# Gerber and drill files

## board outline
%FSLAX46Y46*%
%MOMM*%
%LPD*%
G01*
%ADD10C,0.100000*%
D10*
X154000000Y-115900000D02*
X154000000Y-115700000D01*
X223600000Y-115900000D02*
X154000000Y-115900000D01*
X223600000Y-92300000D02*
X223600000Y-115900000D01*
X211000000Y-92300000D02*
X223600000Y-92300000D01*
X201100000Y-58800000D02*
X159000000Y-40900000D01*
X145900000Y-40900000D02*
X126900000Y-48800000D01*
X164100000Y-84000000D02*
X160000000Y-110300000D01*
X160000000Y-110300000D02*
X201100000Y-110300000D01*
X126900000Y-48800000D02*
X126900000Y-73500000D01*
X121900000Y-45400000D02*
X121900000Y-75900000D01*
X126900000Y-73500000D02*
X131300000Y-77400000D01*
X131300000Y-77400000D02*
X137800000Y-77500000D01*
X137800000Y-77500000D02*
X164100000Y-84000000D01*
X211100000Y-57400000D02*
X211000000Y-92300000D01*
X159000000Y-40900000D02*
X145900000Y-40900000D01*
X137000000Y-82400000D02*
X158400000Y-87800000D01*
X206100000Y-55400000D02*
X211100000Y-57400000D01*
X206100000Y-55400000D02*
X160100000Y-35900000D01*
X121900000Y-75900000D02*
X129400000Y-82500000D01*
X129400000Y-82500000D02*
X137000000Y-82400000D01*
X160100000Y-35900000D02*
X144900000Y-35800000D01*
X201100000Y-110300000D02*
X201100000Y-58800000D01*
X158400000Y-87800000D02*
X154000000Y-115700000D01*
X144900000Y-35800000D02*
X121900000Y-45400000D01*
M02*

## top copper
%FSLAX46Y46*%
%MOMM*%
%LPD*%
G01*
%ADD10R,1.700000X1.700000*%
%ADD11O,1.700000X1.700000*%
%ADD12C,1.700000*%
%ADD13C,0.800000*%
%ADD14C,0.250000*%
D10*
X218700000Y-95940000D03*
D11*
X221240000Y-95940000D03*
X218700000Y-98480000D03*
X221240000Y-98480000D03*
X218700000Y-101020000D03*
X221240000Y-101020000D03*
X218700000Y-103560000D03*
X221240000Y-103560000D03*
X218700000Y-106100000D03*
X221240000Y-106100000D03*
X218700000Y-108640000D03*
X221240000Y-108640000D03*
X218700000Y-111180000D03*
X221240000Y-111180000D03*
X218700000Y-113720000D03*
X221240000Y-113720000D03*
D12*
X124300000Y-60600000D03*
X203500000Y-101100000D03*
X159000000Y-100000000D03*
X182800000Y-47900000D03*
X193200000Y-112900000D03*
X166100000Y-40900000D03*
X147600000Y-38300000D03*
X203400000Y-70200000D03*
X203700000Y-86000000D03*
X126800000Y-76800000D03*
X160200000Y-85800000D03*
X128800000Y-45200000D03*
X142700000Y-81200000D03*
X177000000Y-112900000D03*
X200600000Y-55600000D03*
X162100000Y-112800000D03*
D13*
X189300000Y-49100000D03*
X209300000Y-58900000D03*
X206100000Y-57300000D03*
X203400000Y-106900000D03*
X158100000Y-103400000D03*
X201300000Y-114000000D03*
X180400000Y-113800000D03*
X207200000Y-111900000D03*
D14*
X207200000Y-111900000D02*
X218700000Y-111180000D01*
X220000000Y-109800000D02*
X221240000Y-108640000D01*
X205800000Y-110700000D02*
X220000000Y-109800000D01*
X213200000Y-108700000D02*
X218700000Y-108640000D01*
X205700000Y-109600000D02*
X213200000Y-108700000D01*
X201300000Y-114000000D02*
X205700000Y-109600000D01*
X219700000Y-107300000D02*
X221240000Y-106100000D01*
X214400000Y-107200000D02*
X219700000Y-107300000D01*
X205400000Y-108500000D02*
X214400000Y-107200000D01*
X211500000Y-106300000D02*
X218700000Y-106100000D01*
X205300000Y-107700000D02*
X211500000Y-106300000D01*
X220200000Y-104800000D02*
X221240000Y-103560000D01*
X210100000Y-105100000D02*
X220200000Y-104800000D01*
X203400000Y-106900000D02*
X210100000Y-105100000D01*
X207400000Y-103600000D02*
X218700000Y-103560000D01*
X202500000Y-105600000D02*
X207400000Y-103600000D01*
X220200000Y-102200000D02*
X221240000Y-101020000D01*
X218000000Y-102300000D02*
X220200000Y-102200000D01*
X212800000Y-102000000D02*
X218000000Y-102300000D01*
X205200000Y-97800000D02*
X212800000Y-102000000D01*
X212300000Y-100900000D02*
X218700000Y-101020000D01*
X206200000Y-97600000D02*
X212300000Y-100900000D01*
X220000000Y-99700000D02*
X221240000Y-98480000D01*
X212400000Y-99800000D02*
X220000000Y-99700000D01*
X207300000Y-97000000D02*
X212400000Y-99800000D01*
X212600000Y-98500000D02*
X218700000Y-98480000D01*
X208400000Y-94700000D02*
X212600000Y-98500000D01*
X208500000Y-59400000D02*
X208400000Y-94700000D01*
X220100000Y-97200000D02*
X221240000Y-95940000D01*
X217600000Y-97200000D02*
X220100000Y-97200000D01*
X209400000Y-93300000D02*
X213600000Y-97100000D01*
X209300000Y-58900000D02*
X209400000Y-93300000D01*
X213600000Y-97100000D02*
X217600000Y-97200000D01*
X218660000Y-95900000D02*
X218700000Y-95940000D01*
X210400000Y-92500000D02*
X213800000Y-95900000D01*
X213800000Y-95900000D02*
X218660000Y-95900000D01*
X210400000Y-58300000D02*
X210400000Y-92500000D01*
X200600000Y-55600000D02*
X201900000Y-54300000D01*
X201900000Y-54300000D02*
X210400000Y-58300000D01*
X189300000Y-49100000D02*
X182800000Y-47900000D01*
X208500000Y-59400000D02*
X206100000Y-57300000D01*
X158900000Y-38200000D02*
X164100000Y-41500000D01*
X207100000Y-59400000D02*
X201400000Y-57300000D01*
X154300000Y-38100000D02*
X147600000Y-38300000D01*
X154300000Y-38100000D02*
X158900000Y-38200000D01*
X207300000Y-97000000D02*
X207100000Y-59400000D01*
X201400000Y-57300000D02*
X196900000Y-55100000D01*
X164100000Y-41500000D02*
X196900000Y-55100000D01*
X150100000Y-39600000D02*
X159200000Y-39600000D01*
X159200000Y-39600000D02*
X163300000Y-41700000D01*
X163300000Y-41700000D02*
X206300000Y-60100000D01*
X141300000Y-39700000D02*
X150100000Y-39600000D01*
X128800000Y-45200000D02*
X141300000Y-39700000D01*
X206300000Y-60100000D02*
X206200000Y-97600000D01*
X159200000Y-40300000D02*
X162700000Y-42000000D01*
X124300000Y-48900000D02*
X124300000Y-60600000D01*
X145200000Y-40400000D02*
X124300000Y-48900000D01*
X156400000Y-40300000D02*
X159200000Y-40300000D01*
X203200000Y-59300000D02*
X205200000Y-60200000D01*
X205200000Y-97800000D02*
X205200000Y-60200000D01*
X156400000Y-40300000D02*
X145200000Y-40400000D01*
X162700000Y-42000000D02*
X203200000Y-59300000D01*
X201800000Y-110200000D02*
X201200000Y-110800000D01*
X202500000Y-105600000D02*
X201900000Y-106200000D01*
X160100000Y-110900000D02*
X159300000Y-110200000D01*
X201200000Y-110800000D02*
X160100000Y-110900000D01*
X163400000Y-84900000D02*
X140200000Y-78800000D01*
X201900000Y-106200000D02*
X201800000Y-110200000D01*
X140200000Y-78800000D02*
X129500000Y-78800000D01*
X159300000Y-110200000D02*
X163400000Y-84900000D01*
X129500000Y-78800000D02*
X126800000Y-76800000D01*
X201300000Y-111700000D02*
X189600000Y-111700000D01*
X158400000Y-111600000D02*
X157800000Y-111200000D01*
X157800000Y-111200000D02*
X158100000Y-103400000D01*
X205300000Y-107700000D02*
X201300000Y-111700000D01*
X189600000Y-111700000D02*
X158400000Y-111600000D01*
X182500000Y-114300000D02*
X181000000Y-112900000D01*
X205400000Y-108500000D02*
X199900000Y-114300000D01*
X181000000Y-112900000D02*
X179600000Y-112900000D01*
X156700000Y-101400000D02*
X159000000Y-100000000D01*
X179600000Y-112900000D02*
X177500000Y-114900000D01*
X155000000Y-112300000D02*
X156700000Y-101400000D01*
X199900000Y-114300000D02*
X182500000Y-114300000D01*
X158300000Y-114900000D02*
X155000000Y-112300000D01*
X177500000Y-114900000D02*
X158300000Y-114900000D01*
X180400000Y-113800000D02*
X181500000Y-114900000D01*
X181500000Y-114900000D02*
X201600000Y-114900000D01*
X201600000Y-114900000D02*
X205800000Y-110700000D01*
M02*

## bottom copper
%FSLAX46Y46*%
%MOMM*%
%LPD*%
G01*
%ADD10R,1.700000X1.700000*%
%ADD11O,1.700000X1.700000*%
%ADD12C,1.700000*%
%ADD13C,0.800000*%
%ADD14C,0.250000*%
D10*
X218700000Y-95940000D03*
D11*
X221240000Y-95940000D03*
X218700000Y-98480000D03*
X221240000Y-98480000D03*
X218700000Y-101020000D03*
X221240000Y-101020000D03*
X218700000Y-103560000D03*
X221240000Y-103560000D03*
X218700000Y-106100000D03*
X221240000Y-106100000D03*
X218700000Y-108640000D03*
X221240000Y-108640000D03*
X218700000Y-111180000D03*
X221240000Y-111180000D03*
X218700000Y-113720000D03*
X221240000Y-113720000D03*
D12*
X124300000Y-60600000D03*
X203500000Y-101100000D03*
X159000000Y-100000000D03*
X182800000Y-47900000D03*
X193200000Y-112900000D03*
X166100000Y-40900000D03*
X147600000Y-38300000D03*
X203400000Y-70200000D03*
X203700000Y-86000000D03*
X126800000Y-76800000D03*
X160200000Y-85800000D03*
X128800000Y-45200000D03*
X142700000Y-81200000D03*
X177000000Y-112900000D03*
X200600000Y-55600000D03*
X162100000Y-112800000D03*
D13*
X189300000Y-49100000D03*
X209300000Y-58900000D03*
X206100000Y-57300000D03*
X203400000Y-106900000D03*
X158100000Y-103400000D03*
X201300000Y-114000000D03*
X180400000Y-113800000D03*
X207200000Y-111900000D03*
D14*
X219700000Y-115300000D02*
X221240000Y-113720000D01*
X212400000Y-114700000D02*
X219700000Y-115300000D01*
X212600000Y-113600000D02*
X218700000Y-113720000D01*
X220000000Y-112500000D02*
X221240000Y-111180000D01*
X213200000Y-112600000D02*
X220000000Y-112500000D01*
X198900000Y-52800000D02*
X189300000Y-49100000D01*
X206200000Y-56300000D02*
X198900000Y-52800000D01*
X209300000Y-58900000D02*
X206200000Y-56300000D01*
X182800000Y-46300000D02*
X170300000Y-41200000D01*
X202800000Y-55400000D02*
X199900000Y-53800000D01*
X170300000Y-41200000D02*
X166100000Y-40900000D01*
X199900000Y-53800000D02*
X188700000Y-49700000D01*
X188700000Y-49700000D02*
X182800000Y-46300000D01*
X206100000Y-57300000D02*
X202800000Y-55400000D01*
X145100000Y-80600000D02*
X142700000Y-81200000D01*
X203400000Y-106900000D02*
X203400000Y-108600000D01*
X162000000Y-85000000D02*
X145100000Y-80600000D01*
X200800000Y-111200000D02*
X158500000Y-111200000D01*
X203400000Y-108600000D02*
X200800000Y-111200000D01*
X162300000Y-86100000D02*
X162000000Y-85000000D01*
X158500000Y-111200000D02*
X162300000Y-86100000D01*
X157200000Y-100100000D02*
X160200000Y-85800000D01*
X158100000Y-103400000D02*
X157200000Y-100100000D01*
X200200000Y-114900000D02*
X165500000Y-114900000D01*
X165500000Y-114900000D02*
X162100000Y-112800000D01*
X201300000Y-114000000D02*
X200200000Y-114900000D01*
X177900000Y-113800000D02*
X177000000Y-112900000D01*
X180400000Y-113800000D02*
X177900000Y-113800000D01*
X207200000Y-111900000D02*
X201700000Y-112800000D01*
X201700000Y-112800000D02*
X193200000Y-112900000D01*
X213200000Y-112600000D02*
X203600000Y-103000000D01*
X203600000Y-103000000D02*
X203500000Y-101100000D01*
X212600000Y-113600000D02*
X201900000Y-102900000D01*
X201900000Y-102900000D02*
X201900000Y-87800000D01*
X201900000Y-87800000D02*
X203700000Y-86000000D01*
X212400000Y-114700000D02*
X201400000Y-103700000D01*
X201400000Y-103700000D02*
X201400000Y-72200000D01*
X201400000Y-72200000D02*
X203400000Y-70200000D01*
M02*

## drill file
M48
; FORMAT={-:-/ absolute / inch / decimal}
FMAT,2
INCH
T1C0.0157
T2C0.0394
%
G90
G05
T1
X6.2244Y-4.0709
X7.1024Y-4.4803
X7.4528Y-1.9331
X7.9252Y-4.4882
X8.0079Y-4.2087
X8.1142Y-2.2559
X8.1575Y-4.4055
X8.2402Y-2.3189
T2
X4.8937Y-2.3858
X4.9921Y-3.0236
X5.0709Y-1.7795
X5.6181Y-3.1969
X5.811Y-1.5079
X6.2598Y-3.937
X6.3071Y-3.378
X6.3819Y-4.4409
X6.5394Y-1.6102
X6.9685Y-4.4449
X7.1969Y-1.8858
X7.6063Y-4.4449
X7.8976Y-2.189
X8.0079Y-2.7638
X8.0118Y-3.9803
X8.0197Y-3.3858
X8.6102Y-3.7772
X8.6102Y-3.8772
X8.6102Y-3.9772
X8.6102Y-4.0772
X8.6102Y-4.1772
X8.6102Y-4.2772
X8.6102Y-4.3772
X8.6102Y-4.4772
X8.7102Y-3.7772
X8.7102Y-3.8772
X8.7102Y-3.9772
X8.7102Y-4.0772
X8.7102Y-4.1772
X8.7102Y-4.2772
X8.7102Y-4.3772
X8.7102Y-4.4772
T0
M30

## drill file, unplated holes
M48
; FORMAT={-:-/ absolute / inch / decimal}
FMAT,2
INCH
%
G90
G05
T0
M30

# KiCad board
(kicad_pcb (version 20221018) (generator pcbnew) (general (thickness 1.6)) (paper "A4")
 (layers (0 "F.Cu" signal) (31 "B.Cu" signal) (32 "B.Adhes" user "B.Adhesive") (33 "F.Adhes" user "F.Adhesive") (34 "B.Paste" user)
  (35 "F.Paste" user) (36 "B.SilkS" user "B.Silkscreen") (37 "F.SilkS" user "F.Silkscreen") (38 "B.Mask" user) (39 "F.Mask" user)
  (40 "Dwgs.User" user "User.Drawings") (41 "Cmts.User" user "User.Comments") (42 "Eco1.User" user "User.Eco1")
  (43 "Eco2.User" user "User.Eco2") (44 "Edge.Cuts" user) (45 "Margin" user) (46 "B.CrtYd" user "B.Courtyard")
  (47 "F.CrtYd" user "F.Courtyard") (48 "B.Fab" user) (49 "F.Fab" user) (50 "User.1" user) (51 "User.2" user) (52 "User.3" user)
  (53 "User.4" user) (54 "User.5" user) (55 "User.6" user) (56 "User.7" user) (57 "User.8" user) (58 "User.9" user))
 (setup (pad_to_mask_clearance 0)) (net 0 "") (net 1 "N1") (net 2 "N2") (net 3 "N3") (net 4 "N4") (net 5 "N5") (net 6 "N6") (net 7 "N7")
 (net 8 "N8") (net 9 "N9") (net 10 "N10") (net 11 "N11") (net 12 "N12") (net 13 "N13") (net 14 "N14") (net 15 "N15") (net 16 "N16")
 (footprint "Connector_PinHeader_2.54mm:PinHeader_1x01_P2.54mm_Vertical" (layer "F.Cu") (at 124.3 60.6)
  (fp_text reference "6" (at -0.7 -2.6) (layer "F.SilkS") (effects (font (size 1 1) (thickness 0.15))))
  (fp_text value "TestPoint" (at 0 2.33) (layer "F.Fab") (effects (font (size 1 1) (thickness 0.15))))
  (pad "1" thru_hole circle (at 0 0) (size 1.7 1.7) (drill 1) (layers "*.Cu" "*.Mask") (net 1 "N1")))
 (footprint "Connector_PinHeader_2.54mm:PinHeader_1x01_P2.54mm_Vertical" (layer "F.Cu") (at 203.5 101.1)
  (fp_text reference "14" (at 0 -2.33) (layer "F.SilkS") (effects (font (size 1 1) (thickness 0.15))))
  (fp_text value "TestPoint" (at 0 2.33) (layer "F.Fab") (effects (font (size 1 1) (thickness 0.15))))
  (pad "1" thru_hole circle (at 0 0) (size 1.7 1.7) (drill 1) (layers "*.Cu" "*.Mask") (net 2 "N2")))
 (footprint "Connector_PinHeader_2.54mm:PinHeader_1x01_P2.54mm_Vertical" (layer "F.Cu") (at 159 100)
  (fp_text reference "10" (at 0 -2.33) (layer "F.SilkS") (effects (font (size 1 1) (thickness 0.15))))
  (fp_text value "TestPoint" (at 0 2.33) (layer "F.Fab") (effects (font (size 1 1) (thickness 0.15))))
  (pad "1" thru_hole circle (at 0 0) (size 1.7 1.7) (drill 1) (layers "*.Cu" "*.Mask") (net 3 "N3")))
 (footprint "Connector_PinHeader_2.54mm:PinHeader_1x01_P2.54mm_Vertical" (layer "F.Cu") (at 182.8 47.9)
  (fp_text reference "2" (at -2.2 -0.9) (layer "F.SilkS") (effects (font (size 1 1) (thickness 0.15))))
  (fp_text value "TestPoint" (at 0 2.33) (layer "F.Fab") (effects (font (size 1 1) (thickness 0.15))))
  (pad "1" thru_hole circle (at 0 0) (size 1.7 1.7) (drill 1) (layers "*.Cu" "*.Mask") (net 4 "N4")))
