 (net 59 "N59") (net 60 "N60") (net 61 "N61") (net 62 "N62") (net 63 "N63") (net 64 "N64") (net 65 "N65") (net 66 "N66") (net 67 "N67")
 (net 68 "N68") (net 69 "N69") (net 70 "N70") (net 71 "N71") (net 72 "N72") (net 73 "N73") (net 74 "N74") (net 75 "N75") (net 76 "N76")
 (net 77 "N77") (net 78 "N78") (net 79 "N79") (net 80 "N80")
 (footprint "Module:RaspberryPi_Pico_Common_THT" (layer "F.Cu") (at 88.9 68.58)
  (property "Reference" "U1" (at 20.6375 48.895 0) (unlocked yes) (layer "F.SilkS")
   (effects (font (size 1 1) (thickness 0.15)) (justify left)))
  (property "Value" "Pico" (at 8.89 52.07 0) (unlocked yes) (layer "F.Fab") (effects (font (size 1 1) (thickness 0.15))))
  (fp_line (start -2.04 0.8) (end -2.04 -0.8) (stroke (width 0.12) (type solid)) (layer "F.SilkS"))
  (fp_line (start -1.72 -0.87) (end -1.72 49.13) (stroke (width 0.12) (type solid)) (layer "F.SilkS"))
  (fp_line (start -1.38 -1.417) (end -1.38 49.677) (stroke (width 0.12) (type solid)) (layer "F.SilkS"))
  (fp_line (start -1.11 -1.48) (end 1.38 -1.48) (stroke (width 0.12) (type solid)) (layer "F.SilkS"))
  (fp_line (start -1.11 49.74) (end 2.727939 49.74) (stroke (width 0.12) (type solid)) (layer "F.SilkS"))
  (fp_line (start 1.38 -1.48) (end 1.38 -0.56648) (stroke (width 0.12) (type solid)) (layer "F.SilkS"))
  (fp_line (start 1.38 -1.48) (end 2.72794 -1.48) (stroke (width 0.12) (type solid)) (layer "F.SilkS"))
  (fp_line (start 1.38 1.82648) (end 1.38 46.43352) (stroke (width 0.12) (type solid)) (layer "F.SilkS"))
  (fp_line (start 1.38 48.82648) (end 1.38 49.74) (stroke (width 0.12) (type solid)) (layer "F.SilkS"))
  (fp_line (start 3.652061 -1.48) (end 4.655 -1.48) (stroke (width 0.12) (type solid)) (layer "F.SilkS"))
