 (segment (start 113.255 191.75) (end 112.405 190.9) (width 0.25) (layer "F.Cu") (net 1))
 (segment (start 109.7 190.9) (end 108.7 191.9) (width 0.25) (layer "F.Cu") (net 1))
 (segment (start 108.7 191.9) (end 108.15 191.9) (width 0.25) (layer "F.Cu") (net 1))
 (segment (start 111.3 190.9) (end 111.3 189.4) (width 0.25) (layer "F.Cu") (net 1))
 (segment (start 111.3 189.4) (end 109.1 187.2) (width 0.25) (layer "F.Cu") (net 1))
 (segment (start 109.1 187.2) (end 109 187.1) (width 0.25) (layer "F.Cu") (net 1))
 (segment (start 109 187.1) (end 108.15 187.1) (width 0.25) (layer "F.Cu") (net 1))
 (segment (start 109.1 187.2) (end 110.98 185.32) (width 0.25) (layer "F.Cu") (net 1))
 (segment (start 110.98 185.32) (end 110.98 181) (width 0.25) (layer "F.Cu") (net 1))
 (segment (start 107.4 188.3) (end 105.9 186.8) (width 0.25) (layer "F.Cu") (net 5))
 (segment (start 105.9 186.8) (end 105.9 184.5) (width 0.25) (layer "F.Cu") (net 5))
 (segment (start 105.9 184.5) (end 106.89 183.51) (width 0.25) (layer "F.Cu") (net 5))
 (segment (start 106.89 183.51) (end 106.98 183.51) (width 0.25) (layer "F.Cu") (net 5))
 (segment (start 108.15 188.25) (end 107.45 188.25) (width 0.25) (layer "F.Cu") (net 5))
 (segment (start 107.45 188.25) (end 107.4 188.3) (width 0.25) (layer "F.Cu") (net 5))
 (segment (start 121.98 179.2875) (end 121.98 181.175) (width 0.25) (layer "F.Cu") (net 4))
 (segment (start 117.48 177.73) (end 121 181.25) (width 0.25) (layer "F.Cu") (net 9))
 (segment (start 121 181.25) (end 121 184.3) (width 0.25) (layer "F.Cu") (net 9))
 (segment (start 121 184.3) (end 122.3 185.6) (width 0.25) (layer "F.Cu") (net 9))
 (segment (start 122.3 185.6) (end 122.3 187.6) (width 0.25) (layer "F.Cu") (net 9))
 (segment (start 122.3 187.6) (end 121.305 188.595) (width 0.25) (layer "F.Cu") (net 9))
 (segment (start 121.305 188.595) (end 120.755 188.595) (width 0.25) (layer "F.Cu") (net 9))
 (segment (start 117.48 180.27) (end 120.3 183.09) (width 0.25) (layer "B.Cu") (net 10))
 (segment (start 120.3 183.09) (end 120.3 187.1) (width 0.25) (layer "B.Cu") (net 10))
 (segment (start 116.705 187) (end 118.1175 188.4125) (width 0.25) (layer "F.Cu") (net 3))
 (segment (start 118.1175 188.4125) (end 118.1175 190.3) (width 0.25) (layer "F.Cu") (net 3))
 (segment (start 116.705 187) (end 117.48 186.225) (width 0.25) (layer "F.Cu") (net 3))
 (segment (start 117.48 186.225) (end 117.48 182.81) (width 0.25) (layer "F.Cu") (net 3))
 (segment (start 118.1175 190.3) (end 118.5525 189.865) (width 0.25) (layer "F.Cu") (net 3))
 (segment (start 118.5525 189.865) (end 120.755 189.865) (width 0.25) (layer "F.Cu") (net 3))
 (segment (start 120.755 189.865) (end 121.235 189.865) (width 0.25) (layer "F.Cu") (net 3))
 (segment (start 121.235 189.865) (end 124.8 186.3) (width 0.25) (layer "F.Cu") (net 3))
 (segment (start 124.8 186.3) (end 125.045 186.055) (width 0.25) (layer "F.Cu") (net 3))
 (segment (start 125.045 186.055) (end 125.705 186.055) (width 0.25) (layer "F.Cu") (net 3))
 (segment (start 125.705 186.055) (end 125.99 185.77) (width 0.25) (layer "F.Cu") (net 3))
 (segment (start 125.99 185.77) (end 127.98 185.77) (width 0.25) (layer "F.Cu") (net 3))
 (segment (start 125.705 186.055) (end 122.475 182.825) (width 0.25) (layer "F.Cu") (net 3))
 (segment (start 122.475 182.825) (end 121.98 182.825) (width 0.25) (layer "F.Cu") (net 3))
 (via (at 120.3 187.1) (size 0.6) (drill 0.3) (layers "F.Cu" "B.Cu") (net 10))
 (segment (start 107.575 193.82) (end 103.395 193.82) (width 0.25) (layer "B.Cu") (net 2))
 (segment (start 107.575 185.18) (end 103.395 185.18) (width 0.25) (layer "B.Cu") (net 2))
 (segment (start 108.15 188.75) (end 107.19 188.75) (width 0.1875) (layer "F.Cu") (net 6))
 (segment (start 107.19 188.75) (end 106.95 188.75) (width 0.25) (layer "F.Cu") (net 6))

EXERCISE BRIEF
From the line with "(segment (start 107.575 185.18)" to the final line of the entries above, return every line exactly as written.

TASK RESULT
 (segment (start 107.575 185.18) (end 103.395 185.18) (width 0.25) (layer "B.Cu") (net 2))
 (segment (start 108.15 188.75) (end 107.19 188.75) (width 0.1875) (layer "F.Cu") (net 6))
 (segment (start 107.19 188.75) (end 106.95 188.75) (width 0.25) (layer "F.Cu") (net 6))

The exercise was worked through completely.